[TASK INSTRUCTIONS] Copy the entries exactly, through the "X180000000Y-103000000D02*" line.

──────────

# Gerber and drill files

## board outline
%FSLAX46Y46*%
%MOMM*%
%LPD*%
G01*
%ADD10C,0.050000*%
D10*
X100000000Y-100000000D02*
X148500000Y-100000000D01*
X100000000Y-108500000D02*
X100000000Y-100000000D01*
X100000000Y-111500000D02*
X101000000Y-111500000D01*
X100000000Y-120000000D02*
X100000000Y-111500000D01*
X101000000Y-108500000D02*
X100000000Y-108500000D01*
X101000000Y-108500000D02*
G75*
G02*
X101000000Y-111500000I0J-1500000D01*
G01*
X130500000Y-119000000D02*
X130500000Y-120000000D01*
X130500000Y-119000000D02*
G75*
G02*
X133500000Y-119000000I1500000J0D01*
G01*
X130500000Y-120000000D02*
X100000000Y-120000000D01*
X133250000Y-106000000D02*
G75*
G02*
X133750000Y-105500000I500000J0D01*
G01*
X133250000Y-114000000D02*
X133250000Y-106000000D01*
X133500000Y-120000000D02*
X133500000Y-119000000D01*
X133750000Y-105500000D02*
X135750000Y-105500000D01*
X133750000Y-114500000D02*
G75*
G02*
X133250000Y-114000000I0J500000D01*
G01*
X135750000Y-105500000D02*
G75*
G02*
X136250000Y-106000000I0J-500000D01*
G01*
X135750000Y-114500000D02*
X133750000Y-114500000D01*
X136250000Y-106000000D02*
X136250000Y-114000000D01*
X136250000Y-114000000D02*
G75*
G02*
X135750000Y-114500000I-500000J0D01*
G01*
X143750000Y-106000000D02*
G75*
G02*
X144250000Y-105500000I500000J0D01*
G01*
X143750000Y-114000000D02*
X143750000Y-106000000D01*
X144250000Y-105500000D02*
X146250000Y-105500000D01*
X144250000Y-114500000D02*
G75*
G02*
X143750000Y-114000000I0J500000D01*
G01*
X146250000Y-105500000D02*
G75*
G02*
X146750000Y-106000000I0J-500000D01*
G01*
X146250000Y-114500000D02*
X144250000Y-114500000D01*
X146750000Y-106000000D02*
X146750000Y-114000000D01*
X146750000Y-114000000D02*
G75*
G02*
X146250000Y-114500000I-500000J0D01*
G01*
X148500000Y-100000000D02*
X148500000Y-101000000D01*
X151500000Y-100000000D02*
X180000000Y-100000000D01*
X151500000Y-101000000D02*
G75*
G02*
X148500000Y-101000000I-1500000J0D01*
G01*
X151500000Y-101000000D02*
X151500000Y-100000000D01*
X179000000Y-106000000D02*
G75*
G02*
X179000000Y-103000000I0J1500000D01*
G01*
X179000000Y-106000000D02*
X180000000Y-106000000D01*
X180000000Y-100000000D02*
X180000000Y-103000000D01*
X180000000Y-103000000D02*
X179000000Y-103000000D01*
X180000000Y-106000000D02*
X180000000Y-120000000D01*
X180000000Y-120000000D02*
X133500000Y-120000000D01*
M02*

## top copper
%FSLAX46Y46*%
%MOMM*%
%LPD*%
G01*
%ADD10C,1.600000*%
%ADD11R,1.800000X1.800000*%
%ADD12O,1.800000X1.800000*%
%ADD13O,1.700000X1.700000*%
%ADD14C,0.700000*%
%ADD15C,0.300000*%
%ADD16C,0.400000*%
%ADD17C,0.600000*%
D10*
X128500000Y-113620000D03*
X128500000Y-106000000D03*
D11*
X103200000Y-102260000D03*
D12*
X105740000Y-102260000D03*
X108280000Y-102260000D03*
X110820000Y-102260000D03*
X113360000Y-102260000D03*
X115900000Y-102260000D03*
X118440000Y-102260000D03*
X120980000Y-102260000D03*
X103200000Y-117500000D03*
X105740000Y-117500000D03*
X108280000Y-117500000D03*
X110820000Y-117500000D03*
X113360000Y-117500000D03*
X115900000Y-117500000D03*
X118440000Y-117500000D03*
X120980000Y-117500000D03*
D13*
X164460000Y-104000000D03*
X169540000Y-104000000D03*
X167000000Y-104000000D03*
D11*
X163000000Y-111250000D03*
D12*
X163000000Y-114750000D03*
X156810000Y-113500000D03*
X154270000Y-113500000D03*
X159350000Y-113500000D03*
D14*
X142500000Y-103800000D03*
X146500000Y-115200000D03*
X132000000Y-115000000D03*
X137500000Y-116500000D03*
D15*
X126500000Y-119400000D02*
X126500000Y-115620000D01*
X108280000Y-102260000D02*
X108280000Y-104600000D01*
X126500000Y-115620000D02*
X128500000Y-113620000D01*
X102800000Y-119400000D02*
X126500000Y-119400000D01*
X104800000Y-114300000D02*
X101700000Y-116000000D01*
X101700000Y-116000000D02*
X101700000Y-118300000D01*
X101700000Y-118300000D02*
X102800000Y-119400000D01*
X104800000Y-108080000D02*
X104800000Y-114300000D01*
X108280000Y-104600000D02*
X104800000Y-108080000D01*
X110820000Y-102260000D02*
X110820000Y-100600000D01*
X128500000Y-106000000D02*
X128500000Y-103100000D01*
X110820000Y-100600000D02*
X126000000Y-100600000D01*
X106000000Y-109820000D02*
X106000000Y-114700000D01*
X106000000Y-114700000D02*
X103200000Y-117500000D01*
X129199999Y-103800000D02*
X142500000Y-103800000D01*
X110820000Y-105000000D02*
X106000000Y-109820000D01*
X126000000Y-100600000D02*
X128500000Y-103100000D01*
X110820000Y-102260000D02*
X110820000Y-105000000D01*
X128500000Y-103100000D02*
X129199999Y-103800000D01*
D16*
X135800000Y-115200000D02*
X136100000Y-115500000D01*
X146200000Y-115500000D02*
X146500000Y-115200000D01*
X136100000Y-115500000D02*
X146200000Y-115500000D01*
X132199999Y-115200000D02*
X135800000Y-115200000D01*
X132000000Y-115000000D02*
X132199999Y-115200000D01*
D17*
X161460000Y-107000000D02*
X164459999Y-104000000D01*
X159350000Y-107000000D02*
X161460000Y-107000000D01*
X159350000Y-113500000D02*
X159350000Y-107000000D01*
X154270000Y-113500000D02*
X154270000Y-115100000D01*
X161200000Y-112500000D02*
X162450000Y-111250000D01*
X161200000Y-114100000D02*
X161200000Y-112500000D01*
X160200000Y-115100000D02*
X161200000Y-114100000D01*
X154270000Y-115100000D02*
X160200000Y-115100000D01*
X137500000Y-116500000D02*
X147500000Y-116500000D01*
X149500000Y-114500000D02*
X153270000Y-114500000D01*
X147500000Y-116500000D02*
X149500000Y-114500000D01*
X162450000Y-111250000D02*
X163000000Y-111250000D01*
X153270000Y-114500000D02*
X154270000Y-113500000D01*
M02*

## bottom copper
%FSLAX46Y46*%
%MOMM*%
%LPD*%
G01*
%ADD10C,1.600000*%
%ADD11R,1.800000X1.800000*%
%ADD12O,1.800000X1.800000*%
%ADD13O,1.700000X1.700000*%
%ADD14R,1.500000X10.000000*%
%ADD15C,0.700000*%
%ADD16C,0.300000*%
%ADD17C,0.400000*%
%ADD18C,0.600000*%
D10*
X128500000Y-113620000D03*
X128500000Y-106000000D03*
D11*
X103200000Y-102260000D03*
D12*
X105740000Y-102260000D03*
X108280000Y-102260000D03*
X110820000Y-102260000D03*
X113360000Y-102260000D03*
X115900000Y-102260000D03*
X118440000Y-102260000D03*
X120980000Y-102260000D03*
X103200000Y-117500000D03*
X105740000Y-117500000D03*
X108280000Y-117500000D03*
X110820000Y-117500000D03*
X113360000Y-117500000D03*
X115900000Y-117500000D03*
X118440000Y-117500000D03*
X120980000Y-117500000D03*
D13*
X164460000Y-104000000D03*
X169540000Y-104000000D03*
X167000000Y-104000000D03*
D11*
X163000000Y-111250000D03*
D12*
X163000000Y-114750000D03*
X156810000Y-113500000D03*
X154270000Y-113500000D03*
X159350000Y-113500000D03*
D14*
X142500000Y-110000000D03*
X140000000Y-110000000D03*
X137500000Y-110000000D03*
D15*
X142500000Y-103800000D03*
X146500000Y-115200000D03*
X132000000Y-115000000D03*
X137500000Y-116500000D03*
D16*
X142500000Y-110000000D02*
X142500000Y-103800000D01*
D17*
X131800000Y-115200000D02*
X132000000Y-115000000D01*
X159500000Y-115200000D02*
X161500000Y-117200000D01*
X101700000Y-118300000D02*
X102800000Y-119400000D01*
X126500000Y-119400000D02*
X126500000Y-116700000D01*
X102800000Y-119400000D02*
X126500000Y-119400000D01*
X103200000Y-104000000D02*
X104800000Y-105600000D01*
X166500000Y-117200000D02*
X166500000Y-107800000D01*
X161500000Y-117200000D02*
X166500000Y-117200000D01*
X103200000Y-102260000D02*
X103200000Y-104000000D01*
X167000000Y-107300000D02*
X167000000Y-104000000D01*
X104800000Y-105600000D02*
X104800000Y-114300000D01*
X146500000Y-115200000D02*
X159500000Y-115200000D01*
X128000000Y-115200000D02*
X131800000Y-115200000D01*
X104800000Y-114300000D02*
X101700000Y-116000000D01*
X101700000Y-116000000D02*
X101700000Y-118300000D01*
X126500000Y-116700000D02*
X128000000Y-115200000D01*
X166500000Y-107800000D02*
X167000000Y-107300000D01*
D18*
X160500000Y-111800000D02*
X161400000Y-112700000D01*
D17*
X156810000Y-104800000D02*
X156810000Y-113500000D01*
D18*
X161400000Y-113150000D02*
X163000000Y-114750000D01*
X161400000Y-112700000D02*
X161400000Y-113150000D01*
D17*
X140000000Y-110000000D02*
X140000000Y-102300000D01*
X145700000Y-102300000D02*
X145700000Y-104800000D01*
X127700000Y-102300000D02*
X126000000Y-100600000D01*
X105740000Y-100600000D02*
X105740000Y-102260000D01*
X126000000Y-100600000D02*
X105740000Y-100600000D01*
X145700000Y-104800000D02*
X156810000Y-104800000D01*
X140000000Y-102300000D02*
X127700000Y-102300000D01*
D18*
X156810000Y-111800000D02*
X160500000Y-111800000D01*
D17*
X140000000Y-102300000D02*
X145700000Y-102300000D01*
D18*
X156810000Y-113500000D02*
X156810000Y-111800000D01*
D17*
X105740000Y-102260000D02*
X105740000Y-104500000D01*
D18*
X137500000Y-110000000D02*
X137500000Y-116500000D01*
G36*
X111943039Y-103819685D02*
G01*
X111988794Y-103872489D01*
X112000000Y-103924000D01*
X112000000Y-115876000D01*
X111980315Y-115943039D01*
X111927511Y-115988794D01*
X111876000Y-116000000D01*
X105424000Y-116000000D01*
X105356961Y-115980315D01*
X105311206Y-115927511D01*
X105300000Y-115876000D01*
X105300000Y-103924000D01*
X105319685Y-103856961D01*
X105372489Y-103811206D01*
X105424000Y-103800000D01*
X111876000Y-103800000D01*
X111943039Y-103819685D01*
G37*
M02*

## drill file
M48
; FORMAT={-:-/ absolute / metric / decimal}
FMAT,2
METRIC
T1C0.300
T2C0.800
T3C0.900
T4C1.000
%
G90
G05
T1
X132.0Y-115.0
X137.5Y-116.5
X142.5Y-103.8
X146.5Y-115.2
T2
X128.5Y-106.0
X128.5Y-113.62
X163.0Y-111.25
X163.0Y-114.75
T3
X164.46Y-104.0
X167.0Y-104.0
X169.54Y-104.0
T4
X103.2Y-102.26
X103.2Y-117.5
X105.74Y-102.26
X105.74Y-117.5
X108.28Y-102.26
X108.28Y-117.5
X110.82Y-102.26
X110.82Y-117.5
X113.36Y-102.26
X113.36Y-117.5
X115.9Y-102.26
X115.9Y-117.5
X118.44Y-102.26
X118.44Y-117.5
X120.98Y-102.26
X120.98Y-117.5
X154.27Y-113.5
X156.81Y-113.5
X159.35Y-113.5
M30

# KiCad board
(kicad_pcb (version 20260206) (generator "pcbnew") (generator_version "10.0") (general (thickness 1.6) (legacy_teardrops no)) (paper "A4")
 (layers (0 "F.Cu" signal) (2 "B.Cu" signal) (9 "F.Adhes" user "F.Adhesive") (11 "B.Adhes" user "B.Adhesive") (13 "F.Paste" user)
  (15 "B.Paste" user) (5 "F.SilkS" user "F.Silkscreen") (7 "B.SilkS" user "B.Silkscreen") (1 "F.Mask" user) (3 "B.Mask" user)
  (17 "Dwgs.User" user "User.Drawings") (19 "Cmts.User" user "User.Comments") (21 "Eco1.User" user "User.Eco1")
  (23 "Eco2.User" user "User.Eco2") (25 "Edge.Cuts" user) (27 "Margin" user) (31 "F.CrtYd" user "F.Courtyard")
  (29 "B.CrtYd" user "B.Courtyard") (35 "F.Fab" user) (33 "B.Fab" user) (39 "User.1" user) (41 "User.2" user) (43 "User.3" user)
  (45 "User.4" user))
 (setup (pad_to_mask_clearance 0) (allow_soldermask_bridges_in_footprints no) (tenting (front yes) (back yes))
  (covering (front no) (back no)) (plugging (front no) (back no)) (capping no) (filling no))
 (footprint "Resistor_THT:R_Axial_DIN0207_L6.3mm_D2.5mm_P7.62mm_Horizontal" (layer "F.Cu") (at 128.5 113.62 90)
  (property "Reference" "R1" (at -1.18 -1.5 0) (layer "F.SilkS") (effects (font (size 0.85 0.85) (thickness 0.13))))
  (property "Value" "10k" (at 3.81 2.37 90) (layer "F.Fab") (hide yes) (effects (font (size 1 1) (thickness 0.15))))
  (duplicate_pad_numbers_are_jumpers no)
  (pad "1" thru_hole circle (at 0 0 90) (size 1.6 1.6) (drill 0.8) (layers "*.Cu" "*.Mask") (remove_unused_layers no) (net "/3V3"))
  (pad "2" thru_hole circle (at 7.62 0 90) (size 1.6 1.6) (drill 0.8) (layers "*.Cu" "*.Mask") (remove_unused_layers no) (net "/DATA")))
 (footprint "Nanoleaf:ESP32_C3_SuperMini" (layer "F.Cu") (at 103.2 117.5 90)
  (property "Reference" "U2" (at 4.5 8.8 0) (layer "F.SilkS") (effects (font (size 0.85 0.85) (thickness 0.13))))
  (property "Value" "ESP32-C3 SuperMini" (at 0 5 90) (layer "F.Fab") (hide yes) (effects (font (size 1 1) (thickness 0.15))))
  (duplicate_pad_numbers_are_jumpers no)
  (pad "1" thru_hole rect (at 15.24 0 90) (size 1.8 1.8) (drill 1) (layers "*.Cu" "*.Mask") (remove_unused_layers no) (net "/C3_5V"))
  (pad "2" thru_hole oval (at 15.24 2.54 90) (size 1.8 1.8) (drill 1) (layers "*.Cu" "*.Mask") (remove_unused_layers no) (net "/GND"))
  (pad "3" thru_hole oval (at 15.24 5.08 90) (size 1.8 1.8) (drill 1) (layers "*.Cu" "*.Mask") (remove_unused_layers no) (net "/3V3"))
  (pad "4" thru_hole oval (at 15.24 7.62 90) (size 1.8 1.8) (drill 1) (layers "*.Cu" "*.Mask") (remove_unused_layers no) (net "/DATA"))
  (pad "5" thru_hole oval (at 15.24 10.16 90) (size 1.8 1.8) (drill 1) (layers "*.Cu" "*.Mask") (remove_unused_layers no)
   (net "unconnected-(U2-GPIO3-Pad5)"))
  (pad "6" thru_hole oval (at 15.24 12.7 90) (size 1.8 1.8) (drill 1) (layers "*.Cu" "*.Mask") (remove_unused_layers no)
   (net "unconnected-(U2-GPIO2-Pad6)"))
  (pad "7" thru_hole oval (at 15.24 15.24 90) (size 1.8 1.8) (drill 1) (layers "*.Cu" "*.Mask") (remove_unused_layers no)
   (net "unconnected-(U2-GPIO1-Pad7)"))
  (pad "8" thru_hole oval (at 15.24 17.78 90) (size 1.8 1.8) (drill 1) (layers "*.Cu" "*.Mask") (remove_unused_layers no)
   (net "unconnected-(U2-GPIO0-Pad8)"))
  (pad "9" thru_hole oval (at 0 0 90) (size 1.8 1.8) (drill 1) (layers "*.Cu" "*.Mask") (remove_unused_layers no) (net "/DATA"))
  (pad "10" thru_hole oval (at 0 2.54 90) (size 1.8 1.8) (drill 1) (layers "*.Cu" "*.Mask") (remove_unused_layers no)
   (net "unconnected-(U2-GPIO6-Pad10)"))
  (pad "11" thru_hole oval (at 0 5.08 90) (size 1.8 1.8) (drill 1) (layers "*.Cu" "*.Mask") (remove_unused_layers no)
   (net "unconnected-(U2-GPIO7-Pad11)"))
  (pad "12" thru_hole oval (at 0 7.62 90) (size 1.8 1.8) (drill 1) (layers "*.Cu" "*.Mask") (remove_unused_layers no)
   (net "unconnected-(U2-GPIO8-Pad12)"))
  (pad "13" thru_hole oval (at 0 10.16 90) (size 1.8 1.8) (drill 1) (layers "*.Cu" "*.Mask") (remove_unused_layers no)
   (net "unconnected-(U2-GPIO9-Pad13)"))
  (pad "14" thru_hole oval (at 0 12.7 90) (size 1.8 1.8) (drill 1) (layers "*.Cu" "*.Mask") (remove_unused_layers no)
   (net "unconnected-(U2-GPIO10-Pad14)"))
  (pad "15" thru_hole oval (at 0 15.24 90) (size 1.8 1.8) (drill 1) (layers "*.Cu" "*.Mask") (remove_unused_layers no)
   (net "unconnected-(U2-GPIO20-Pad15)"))
  (pad "16" thru_hole oval (at 0 17.78 90) (size 1.8 1.8) (drill 1) (layers "*.Cu" "*.Mask") (remove_unused_layers no)
   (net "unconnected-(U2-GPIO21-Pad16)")))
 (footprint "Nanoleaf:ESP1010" (layer "F.Cu") (at 167 104)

──────────

[SOLUTION TO THE EXERCISE]
# Gerber and drill files

## board outline
%FSLAX46Y46*%
%MOMM*%
%LPD*%
G01*
%ADD10C,0.050000*%
D10*
X100000000Y-100000000D02*
X148500000Y-100000000D01*
X100000000Y-108500000D02*
X100000000Y-100000000D01*
X100000000Y-111500000D02*
X101000000Y-111500000D01*
X100000000Y-120000000D02*
X100000000Y-111500000D01*
X101000000Y-108500000D02*
X100000000Y-108500000D01*
X101000000Y-108500000D02*
G75*
G02*
X101000000Y-111500000I0J-1500000D01*
G01*
X130500000Y-119000000D02*
X130500000Y-120000000D01*
X130500000Y-119000000D02*
G75*
G02*
X133500000Y-119000000I1500000J0D01*
G01*
X130500000Y-120000000D02*
X100000000Y-120000000D01*
X133250000Y-106000000D02*
G75*
G02*
X133750000Y-105500000I500000J0D01*
G01*
X133250000Y-114000000D02*
X133250000Y-106000000D01*
X133500000Y-120000000D02*
X133500000Y-119000000D01*
X133750000Y-105500000D02*
X135750000Y-105500000D01*
X133750000Y-114500000D02*
G75*
G02*
X133250000Y-114000000I0J500000D01*
G01*
X135750000Y-105500000D02*
G75*
G02*
X136250000Y-106000000I0J-500000D01*
G01*
X135750000Y-114500000D02*
X133750000Y-114500000D01*
X136250000Y-106000000D02*
X136250000Y-114000000D01*
X136250000Y-114000000D02*
G75*
G02*
X135750000Y-114500000I-500000J0D01*
G01*
X143750000Y-106000000D02*
G75*
G02*
X144250000Y-105500000I500000J0D01*
G01*
X143750000Y-114000000D02*
X143750000Y-106000000D01*
X144250000Y-105500000D02*
X146250000Y-105500000D01*
X144250000Y-114500000D02*
G75*
G02*
X143750000Y-114000000I0J500000D01*
G01*
X146250000Y-105500000D02*
G75*
G02*
X146750000Y-106000000I0J-500000D01*
G01*
X146250000Y-114500000D02*
X144250000Y-114500000D01*
X146750000Y-106000000D02*
X146750000Y-114000000D01*
X146750000Y-114000000D02*
G75*
G02*
X146250000Y-114500000I-500000J0D01*
G01*
X148500000Y-100000000D02*
X148500000Y-101000000D01*
X151500000Y-100000000D02*
X180000000Y-100000000D01*
X151500000Y-101000000D02*
G75*
G02*
X148500000Y-101000000I-1500000J0D01*
G01*
X151500000Y-101000000D02*
X151500000Y-100000000D01*
X179000000Y-106000000D02*
G75*
G02*
X179000000Y-103000000I0J1500000D01*
G01*
X179000000Y-106000000D02*
X180000000Y-106000000D01*
X180000000Y-100000000D02*
X180000000Y-103000000D01*
X180000000Y-103000000D02*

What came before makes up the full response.